Son évasion en 1948 du futur mausolée de Franco, où il travaillait comme des milliers de prisonniers politiques, a inspiré un film. Aujourd’hui, à 92 ans, l’historien Nicolas Sanchez-Albornoz se dit « enchanté » du prochain transfert de la dépouille du dictateur.
« C’est une décision sensée », dit cet homme aux yeux bleus à l’AFP, qu’il reçoit dans la maison de campagne où il passe ses étés près de la ville d’Avila, située à environ une heure de route du « Valle de los Caidos », le complexe monumental où est enterré Franco.
« Un régime démocratique ne peut pas célébrer une dictature », ajoute le fils de Claudio Sanchez-Albornoz, ministre sous la Deuxième République espagnole (1931 – 1939), écrasée par Franco après trois ans de guerre civile.
« Dans aucun autre pays européen, un tyran similaire n’a de reconnaissance », dit-il encore en référence à la tombe du dictateur, accessible aux visiteurs et toujours couverte de fleurs.
Nicolas Sanchez-Albornoz était étudiant au printemps 1948 quand il fut arrêté avec un de ses amis, Manuel Lamana, pour avoir tenté de remettre sur pied une organisation étudiante.
Tous deux furent envoyés dans la vallée de Cuelgamuros, à 50 km au nord de Madrid, pour participer à la construction du futur mausolée de Franco.
Durant presque deux décennies (1940 – 1959), près de 20.000 prisonniers politiques bâtirent ce complexe monumental à la mémoire des combattants tombés pendant la guerre civile (1936 – 1939).
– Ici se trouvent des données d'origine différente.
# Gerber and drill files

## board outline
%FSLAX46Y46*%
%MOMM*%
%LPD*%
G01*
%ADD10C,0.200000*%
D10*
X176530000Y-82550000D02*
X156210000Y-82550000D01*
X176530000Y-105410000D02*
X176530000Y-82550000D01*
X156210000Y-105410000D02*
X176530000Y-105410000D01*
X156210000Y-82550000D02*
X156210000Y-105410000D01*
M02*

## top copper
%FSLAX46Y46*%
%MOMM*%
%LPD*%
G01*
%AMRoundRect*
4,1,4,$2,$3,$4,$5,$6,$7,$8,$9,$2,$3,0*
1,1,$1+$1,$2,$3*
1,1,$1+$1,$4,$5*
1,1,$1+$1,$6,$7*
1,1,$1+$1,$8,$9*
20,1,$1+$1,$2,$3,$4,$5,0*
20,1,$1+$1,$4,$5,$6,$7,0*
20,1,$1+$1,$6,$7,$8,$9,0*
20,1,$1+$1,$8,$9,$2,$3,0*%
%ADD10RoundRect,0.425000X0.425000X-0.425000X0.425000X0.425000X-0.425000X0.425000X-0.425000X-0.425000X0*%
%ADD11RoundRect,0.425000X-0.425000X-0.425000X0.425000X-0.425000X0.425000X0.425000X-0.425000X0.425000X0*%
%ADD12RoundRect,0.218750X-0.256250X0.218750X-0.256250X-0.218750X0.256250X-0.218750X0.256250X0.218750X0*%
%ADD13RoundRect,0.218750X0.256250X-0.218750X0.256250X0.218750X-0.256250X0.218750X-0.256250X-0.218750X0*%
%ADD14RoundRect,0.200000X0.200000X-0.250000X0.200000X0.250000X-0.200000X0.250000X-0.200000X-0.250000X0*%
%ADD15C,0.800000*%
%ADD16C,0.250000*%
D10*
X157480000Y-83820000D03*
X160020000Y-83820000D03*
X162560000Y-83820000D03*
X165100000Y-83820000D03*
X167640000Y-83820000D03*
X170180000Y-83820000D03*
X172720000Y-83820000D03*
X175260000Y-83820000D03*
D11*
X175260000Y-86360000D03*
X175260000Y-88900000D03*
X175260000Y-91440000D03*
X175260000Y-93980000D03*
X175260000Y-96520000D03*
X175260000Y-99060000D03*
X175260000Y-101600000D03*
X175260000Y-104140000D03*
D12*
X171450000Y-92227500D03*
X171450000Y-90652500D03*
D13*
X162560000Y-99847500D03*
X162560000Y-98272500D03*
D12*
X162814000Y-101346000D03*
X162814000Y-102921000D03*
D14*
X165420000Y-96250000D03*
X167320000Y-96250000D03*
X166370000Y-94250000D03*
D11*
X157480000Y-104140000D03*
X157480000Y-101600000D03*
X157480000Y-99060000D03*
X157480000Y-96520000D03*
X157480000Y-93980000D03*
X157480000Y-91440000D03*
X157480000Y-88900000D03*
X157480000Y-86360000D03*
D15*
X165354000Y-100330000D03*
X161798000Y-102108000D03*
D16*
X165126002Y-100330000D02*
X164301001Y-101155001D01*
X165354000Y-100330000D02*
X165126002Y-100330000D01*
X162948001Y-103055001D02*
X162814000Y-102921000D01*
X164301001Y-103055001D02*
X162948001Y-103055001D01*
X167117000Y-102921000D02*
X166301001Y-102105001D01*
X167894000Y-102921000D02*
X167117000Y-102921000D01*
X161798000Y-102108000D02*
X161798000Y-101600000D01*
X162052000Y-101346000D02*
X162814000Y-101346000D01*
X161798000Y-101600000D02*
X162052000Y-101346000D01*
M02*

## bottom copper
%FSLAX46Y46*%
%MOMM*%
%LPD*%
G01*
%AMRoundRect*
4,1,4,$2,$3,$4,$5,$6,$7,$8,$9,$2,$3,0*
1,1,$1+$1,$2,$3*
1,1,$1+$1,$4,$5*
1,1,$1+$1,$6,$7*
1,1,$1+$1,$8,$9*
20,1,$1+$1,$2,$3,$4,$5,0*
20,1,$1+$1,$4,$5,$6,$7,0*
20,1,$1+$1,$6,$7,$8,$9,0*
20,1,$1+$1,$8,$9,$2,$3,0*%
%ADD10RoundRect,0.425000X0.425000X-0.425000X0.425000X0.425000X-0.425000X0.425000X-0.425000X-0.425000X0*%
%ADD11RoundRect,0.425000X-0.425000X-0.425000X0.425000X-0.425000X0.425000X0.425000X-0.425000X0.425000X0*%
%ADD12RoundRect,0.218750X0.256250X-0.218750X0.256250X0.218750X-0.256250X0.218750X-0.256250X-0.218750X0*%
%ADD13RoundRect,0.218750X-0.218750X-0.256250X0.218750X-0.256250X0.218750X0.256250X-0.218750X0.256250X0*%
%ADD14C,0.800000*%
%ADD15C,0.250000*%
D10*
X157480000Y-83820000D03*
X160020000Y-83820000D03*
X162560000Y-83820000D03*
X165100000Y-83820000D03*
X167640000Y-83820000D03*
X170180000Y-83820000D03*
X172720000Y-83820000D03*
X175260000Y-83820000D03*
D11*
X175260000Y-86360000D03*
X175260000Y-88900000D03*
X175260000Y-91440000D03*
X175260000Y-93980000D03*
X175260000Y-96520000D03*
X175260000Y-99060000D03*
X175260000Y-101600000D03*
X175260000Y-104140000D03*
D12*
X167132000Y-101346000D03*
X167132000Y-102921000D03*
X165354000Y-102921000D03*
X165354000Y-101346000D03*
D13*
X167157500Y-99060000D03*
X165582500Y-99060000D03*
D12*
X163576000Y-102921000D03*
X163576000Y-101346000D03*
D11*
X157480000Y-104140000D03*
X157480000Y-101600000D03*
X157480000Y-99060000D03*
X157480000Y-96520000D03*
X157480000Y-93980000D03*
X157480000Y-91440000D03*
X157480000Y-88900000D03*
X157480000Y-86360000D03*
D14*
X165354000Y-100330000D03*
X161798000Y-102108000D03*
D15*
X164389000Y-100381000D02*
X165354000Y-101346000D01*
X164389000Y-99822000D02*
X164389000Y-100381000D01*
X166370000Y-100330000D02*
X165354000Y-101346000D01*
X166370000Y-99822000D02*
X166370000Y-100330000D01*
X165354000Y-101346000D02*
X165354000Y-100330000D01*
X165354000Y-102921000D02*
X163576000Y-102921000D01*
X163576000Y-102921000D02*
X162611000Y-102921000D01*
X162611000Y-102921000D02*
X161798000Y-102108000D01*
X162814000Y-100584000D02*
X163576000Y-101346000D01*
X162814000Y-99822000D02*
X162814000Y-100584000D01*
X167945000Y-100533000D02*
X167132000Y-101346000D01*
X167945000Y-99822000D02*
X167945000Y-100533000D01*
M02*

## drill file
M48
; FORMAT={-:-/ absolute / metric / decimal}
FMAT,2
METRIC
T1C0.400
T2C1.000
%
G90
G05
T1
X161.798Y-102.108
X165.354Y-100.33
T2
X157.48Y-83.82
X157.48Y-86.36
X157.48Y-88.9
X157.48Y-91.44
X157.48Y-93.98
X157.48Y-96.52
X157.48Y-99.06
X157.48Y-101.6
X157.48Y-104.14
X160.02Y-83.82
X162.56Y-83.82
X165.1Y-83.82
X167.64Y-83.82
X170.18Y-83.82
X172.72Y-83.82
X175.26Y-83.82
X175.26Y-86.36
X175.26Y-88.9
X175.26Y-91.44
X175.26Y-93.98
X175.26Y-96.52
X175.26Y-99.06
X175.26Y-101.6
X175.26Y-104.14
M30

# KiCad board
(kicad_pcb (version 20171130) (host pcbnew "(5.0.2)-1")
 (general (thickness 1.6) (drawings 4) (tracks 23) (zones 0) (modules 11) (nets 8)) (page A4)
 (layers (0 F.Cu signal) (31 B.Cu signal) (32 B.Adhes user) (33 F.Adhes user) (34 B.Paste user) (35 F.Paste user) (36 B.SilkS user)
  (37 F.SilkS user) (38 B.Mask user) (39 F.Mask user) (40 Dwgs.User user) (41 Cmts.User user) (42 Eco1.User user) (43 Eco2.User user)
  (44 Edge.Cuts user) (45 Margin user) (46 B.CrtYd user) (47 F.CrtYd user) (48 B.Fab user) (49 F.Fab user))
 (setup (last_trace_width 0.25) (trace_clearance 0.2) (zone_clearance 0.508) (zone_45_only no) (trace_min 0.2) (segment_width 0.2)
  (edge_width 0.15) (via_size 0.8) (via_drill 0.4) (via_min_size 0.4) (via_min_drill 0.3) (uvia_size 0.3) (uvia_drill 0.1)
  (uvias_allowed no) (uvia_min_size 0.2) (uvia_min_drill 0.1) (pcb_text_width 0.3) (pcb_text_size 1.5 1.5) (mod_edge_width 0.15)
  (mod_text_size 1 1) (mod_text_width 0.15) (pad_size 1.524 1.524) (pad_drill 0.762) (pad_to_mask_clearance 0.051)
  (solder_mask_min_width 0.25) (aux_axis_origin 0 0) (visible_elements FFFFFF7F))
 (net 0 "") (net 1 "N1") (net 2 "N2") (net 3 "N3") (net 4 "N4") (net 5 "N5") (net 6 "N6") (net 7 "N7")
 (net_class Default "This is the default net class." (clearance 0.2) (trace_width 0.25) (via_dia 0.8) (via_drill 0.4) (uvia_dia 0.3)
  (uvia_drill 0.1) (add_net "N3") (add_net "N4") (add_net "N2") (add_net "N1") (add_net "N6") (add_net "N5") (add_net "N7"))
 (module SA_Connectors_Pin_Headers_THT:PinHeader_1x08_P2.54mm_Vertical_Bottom (layer F.Cu) (at 157.48 83.82 90)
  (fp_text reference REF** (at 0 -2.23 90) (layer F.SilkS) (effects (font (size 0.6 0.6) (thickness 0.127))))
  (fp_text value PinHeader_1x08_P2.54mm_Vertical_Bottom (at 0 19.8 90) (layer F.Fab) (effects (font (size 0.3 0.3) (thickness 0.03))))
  (pad 1 thru_hole roundrect (at 0 0 90) (size 1.7 1.7) (drill 1) (layers *.Cu *.Mask) (roundrect_rratio 0.25))
  (pad 2 thru_hole roundrect (at 0 2.54 90) (size 1.7 1.7) (drill 1) (layers *.Cu *.Mask) (roundrect_rratio 0.25))
  (pad 3 thru_hole roundrect (at 0 5.08 90) (size 1.7 1.7) (drill 1) (layers *.Cu *.Mask) (roundrect_rratio 0.25))
  (pad 4 thru_hole roundrect (at 0 7.62 90) (size 1.7 1.7) (drill 1) (layers *.Cu *.Mask) (roundrect_rratio 0.25))
  (pad 5 thru_hole roundrect (at 0 10.16 90) (size 1.7 1.7) (drill 1) (layers *.Cu *.Mask) (roundrect_rratio 0.25))
  (pad 6 thru_hole roundrect (at 0 12.7 90) (size 1.7 1.7) (drill 1) (layers *.Cu *.Mask) (roundrect_rratio 0.25))
  (pad 7 thru_hole roundrect (at 0 15.24 90) (size 1.7 1.7) (drill 1) (layers *.Cu *.Mask) (roundrect_rratio 0.25))
  (pad 8 thru_hole roundrect (at 0 17.78 90) (size 1.7 1.7) (drill 1) (layers *.Cu *.Mask) (roundrect_rratio 0.25)))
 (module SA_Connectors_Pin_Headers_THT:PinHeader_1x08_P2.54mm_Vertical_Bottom (layer F.Cu) (at 175.26 86.36)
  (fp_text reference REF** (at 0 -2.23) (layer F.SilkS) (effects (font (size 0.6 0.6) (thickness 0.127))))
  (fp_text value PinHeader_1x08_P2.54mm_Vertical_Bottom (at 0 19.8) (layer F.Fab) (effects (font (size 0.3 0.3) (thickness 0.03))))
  (pad 1 thru_hole roundrect (at 0 0) (size 1.7 1.7) (drill 1) (layers *.Cu *.Mask) (roundrect_rratio 0.25))
  (pad 2 thru_hole roundrect (at 0 2.54) (size 1.7 1.7) (drill 1) (layers *.Cu *.Mask) (roundrect_rratio 0.25))
  (pad 3 thru_hole roundrect (at 0 5.08) (size 1.7 1.7) (drill 1) (layers *.Cu *.Mask) (roundrect_rratio 0.25))
  (pad 4 thru_hole roundrect (at 0 7.62) (size 1.7 1.7) (drill 1) (layers *.Cu *.Mask) (roundrect_rratio 0.25))
  (pad 5 thru_hole roundrect (at 0 10.16) (size 1.7 1.7) (drill 1) (layers *.Cu *.Mask) (roundrect_rratio 0.25))
  (pad 6 thru_hole roundrect (at 0 12.7) (size 1.7 1.7) (drill 1) (layers *.Cu *.Mask) (roundrect_rratio 0.25))
  (pad 7 thru_hole roundrect (at 0 15.24) (size 1.7 1.7) (drill 1) (layers *.Cu *.Mask) (roundrect_rratio 0.25))
  (pad 8 thru_hole roundrect (at 0 17.78) (size 1.7 1.7) (drill 1) (layers *.Cu *.Mask) (roundrect_rratio 0.25)))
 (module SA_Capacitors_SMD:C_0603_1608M (layer F.Cu) (at 171.45 91.44 270)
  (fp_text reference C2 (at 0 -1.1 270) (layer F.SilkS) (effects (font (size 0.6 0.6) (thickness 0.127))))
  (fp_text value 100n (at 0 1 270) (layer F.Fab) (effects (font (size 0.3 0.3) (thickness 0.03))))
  (pad 2 smd roundrect (at 0.7875 0 270) (size 0.875 0.95) (layers F.Cu F.Paste F.Mask) (roundrect_rratio 0.25) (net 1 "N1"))
  (pad 1 smd roundrect (at -0.7875 0 270) (size 0.875 0.95) (layers F.Cu F.Paste F.Mask) (roundrect_rratio 0.25) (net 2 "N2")))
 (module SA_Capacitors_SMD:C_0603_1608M (layer F.Cu) (at 162.56 99.06 90)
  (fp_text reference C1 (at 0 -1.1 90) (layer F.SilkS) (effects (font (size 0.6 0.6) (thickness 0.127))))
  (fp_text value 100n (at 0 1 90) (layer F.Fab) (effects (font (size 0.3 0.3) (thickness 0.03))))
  (pad 1 smd roundrect (at -0.7875 0 90) (size 0.875 0.95) (layers F.Cu F.Paste F.Mask) (roundrect_rratio 0.25) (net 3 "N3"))
  (pad 2 smd roundrect (at 0.7875 0 90) (size 0.875 0.95) (layers F.Cu F.Paste F.Mask) (roundrect_rratio 0.25) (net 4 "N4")))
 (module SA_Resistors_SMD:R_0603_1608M (layer F.Cu) (at 162.814 102.1335 270)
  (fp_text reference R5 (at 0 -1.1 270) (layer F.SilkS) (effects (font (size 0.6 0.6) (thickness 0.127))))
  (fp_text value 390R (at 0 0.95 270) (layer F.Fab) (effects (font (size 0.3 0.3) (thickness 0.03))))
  (pad 1 smd roundrect (at -0.7875 0 270) (size 0.875 0.95) (layers F.Cu F.Paste F.Mask) (roundrect_rratio 0.25) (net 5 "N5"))
  (pad 2 smd roundrect (at 0.7875 0 270) (size 0.875 0.95) (layers F.Cu F.Paste F.Mask) (roundrect_rratio 0.25) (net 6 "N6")))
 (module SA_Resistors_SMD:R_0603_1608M (layer B.Cu) (at 167.132 102.1335 90)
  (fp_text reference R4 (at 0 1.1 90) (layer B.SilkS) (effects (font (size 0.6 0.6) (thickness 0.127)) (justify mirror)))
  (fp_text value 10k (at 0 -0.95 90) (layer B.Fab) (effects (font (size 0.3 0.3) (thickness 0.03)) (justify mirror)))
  (pad 2 smd roundrect (at 0.7875 0 90) (size 0.875 0.95) (layers B.Cu B.Paste B.Mask) (roundrect_rratio 0.25) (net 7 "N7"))
  (pad 1 smd roundrect (at -0.7875 0 90) (size 0.875 0.95) (layers B.Cu B.Paste B.Mask) (roundrect_rratio 0.25) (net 2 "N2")))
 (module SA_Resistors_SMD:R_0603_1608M (layer B.Cu) (at 165.354 102.1335 90)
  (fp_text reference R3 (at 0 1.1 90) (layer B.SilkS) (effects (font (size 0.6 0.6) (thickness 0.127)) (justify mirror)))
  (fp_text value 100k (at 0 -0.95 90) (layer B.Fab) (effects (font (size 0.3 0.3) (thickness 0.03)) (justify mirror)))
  (pad 1 smd roundrect (at -0.7875 0 90) (size 0.875 0.95) (layers B.Cu B.Paste B.Mask) (roundrect_rratio 0.25) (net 5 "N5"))
  (pad 2 smd roundrect (at 0.7875 0 90) (size 0.875 0.95) (layers B.Cu B.Paste B.Mask) (roundrect_rratio 0.25) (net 4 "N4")))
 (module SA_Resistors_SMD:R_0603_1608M (layer B.Cu) (at 166.37 99.06)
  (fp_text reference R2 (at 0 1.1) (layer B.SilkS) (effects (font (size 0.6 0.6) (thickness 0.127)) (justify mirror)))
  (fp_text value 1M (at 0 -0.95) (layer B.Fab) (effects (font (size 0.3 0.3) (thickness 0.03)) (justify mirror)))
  (pad 2 smd roundrect (at 0.7875 0) (size 0.875 0.95) (layers B.Cu B.Paste B.Mask) (roundrect_rratio 0.25) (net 7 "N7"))
  (pad 1 smd roundrect (at -0.7875 0) (size 0.875 0.95) (layers B.Cu B.Paste B.Mask) (roundrect_rratio 0.25) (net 4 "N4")))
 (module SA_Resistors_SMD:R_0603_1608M (layer B.Cu) (at 163.576 102.1335 90)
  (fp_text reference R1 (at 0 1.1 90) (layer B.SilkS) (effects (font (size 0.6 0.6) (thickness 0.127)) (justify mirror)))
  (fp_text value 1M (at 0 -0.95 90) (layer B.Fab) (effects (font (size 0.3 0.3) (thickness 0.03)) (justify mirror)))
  (pad 1 smd roundrect (at -0.7875 0 90) (size 0.875 0.95) (layers B.Cu B.Paste B.Mask) (roundrect_rratio 0.25) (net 5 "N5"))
Mais contrairement à l’immense majorité d’entre eux, Sanchez-Albornoz estime avoir eu « beaucoup de chance » car comme il savait taper à la machine, il fut affecté dans un bureau, et non chargé de dynamiter la montagne pour construire la basilique et sa croix de 150 mètres de haut.
Dans ses fonctions, il put voir que le travail des prisonniers, « loués » par l’Etat aux entreprises de construction, nourrissait tout un système de corruption et de marché noir, où était revendue une partie de la nourriture destinée aux forçats. La dictature « faisait du commerce » sur leur dos, dénonce-t-il.
Jusqu’en France avec de faux laissez-passer
Sanchez-Albornoz signale que plus d’une dizaine de personnes sont mortes dans la construction du monument. Et selon lui, plus de 40 ont tenté de s’échapper de 1940 à 1948 « mais les seuls à y être parvenus sont « Manolo » Lamana et moi. Tous les autres sont tombés » aux mains de la police peu après leur fuite, assure-t-il.
Ils furent aidés dans leur entreprise par des camarades installés à Paris, qui leur fournirent un véhicule et de faux laissez-passer pour pouvoir atteindre la frontière française.
Partis à pied un dimanche d’août, ils furent récupérés à quelques kilomètres du Valle de los Caidos par une jeune touriste américaine dans une évasion devenue légendaire et ayant inspiré le film « Les Années volées » (1998).
L’historien a ensuite vécu en exil en Argentine et aux Etats-Unis avant de revenir en Espagne en 1976, l’année suivant la mort de Franco.
Depuis son bureau décoré de quelques photos de famille et avec vue sur la campagne, Sanchez-Albornoz pense aujourd’hui que « les souvenirs du passé seront toujours différents » dans les deux camps, dans un pays où la mémoire des années de guerre civile et de dictature fait encore débat.
Mais pour lui, la question est simple : « Comment voulons-nous vivre ? En dictature ? Ou tranquilles dans une démocratie, où tout le monde peut avoir son opinion ? Car cela suppose certaines conditions », même symboliques, comme retirer Franco de ce « monument de la dictature » qu’est le Valle de los Caidos, insiste-t-il.